Collected data

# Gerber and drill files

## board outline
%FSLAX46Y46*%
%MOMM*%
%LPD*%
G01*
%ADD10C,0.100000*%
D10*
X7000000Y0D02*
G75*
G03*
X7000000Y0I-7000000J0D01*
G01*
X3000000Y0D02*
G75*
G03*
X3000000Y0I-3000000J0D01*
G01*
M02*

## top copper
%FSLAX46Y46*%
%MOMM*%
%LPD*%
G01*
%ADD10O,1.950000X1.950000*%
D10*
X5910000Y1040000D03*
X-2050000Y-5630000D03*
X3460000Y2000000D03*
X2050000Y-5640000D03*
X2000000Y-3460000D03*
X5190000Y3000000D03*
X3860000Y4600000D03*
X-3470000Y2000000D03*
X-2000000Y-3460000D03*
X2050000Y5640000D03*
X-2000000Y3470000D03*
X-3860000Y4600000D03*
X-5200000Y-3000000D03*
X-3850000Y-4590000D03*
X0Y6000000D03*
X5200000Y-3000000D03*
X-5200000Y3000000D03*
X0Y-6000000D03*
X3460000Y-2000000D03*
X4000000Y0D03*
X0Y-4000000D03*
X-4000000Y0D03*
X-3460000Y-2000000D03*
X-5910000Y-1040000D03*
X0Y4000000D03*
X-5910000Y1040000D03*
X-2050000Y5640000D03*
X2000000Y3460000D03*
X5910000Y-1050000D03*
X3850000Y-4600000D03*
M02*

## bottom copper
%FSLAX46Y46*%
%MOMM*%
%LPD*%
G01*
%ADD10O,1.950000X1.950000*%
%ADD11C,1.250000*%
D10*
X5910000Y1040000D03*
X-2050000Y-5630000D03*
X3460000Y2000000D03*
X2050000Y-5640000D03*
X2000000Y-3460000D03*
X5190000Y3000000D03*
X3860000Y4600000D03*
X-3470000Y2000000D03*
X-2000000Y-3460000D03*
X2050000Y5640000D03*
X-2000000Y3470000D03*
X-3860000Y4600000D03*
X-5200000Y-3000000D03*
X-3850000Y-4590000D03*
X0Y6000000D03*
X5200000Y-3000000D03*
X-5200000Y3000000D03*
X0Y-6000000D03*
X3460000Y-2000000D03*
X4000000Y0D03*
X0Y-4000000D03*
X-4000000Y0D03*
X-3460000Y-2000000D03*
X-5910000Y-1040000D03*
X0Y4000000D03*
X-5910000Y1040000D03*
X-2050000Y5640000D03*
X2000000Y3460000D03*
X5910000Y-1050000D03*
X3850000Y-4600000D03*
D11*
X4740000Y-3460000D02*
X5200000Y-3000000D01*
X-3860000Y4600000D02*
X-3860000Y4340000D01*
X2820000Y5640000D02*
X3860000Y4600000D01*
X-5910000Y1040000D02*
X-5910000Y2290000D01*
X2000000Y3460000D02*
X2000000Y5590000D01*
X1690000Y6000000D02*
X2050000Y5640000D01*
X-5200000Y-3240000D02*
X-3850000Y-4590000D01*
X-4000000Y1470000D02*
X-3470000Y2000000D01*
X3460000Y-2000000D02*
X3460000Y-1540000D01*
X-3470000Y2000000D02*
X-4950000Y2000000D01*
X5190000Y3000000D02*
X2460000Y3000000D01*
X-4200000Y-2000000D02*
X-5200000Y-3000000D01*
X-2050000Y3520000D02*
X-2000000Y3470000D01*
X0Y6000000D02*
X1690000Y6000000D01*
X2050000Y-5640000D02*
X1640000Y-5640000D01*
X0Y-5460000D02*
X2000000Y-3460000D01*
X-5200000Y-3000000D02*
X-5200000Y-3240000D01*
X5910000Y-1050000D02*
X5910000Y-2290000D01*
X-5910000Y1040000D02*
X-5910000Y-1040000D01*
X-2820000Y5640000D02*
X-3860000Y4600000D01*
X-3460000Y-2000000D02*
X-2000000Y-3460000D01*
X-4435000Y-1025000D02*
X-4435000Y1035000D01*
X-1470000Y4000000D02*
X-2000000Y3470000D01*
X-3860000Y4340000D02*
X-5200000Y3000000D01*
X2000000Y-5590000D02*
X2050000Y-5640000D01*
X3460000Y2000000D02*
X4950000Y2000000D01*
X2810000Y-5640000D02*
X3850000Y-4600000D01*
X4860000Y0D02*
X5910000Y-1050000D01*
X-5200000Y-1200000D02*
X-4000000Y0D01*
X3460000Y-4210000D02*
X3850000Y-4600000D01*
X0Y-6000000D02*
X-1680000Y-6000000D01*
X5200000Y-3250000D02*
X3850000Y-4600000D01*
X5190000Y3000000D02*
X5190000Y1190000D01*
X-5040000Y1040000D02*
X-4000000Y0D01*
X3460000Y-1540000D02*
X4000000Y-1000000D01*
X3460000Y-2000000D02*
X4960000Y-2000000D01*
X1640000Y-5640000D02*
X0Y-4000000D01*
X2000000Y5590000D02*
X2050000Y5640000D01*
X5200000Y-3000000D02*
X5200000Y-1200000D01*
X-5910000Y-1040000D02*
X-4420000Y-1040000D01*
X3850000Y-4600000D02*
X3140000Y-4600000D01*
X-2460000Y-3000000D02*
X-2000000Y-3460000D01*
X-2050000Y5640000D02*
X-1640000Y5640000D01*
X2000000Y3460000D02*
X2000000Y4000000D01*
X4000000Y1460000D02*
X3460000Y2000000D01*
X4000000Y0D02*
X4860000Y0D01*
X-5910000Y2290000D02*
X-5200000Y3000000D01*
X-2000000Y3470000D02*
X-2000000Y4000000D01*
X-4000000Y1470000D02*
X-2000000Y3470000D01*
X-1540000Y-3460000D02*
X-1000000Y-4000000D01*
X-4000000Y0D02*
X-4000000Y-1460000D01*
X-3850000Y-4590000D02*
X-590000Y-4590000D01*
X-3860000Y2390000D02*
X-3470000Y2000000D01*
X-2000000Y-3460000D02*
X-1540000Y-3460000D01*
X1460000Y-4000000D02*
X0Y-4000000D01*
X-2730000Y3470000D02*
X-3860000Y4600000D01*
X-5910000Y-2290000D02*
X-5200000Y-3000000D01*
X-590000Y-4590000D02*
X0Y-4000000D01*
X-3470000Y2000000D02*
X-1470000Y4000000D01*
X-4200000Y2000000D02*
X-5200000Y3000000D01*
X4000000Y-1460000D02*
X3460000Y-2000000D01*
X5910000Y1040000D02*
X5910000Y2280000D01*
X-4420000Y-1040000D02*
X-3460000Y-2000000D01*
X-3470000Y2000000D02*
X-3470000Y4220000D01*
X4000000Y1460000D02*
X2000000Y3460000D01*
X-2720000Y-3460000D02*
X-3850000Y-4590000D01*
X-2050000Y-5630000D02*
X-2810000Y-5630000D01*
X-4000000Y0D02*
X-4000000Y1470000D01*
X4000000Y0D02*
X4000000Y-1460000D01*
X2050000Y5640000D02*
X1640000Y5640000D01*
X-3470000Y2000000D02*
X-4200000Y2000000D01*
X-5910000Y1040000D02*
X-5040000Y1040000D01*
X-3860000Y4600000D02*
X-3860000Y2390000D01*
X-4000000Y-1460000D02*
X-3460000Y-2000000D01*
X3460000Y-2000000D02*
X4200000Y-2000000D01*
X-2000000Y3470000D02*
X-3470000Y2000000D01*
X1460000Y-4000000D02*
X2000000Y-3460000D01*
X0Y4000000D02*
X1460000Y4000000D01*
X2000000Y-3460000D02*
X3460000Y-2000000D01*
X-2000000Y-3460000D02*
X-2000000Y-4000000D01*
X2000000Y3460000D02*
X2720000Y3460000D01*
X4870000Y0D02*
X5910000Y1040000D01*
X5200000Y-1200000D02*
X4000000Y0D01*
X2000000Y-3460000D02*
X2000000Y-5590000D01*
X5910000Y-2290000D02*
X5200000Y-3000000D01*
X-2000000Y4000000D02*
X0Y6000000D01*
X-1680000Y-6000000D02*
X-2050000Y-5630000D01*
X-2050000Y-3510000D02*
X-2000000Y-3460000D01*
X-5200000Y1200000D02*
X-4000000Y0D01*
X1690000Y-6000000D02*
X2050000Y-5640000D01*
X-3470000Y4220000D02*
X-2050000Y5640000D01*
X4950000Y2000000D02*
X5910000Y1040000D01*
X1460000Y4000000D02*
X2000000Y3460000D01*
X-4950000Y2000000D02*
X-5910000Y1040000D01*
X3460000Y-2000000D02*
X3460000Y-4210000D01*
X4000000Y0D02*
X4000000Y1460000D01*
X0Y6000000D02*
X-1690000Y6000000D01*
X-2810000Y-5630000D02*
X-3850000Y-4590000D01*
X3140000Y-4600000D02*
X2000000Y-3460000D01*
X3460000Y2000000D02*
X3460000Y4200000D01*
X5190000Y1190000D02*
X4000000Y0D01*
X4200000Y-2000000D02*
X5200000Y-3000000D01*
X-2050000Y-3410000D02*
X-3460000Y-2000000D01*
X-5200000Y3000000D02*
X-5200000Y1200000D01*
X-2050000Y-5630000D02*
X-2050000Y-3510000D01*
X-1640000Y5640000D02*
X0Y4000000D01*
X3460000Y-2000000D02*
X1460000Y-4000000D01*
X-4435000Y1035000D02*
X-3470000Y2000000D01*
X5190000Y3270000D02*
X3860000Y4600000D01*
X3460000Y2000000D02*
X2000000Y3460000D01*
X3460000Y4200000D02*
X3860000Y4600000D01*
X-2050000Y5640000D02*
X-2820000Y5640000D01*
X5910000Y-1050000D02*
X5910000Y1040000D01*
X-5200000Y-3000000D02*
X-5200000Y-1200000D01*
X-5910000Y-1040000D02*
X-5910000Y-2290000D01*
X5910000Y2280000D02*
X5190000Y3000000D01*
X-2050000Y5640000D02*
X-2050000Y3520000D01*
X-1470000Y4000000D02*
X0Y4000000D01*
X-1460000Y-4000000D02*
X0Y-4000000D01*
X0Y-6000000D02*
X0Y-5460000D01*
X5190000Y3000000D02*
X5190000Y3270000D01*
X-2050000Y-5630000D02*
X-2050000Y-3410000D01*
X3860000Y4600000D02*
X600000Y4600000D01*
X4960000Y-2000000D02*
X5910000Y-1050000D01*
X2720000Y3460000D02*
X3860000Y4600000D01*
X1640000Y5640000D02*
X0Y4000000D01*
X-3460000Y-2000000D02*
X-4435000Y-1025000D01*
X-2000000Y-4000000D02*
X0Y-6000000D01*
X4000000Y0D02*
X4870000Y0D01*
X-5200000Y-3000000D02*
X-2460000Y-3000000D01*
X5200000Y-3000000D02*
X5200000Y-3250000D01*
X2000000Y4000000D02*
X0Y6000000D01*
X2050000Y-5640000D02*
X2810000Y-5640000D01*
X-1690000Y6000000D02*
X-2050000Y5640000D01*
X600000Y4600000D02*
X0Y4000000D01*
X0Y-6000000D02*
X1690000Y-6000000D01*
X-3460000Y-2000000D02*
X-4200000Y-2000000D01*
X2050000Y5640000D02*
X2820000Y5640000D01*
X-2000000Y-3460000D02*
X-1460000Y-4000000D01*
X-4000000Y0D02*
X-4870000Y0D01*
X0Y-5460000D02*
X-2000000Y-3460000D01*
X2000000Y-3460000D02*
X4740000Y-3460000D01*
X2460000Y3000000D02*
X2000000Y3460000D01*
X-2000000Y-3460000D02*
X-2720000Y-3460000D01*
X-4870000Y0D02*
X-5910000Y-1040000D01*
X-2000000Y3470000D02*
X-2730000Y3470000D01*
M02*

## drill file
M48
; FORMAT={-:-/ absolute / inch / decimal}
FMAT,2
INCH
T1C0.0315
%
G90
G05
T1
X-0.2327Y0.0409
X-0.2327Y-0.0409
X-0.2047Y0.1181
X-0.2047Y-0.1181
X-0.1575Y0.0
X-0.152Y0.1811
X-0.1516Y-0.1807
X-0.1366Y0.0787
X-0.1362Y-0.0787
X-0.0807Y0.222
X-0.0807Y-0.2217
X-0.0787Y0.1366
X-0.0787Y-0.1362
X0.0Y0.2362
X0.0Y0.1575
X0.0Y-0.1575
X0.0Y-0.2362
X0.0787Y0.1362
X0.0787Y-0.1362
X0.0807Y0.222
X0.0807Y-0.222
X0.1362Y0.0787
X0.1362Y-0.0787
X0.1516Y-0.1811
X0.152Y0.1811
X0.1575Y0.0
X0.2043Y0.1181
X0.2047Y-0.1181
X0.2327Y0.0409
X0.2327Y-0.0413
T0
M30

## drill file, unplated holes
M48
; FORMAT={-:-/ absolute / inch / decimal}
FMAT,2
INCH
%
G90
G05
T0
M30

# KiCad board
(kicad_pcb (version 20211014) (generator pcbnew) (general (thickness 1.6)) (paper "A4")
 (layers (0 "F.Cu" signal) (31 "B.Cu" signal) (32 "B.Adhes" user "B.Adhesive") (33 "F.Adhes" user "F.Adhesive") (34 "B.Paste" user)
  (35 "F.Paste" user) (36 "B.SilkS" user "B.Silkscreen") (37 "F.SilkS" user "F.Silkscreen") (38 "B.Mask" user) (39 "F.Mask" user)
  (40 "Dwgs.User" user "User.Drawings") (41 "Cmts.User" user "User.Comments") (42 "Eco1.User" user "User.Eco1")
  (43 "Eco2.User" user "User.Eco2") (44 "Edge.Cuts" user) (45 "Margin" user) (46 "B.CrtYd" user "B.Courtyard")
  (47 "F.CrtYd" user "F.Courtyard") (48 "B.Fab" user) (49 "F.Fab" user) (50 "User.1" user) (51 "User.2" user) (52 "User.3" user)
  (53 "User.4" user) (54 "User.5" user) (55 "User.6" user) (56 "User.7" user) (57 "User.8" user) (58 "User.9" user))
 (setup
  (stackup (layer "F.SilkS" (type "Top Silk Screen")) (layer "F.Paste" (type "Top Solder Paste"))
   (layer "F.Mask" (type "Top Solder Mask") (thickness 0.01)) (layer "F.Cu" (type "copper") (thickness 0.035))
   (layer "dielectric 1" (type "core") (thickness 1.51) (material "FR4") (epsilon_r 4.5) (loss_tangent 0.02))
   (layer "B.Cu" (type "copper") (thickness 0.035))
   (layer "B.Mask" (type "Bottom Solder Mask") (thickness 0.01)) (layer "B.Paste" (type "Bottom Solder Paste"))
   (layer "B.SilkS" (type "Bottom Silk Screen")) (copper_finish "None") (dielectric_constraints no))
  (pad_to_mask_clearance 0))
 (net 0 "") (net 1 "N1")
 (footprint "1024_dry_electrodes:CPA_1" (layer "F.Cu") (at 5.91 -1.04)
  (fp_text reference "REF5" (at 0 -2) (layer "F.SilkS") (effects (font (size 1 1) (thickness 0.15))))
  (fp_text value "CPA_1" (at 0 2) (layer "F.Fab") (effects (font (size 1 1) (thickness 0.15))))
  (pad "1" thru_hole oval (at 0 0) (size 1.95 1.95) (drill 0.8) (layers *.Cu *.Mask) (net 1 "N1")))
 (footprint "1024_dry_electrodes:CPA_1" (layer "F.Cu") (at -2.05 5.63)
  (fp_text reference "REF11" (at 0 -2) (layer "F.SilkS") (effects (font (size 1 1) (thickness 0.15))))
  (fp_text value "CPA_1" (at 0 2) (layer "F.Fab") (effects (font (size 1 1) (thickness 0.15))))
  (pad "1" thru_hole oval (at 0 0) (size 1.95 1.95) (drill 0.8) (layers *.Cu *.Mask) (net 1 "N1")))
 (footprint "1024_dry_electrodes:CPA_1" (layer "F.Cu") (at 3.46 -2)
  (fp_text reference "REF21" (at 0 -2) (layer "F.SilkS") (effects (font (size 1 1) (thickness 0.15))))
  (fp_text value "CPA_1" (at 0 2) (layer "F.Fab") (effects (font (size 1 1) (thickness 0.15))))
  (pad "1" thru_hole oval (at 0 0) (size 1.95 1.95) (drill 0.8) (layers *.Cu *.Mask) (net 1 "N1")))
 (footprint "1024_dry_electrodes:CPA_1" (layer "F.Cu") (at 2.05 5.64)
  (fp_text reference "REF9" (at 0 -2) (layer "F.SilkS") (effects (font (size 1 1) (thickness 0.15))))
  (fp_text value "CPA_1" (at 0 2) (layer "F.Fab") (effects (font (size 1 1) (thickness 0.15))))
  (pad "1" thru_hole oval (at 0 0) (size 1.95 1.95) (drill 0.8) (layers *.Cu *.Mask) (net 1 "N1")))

- Problem requirements -
The word "Paste" may appear in several lines of the data; copy every line where it does.

- Solution to this problem -
 (layers (0 "F.Cu" signal) (31 "B.Cu" signal) (32 "B.Adhes" user "B.Adhesive") (33 "F.Adhes" user "F.Adhesive") (34 "B.Paste" user)
  (35 "F.Paste" user) (36 "B.SilkS" user "B.Silkscreen") (37 "F.SilkS" user "F.Silkscreen") (38 "B.Mask" user) (39 "F.Mask" user)
  (stackup (layer "F.SilkS" (type "Top Silk Screen")) (layer "F.Paste" (type "Top Solder Paste"))
   (layer "B.Mask" (type "Bottom Solder Mask") (thickness 0.01)) (layer "B.Paste" (type "Bottom Solder Paste"))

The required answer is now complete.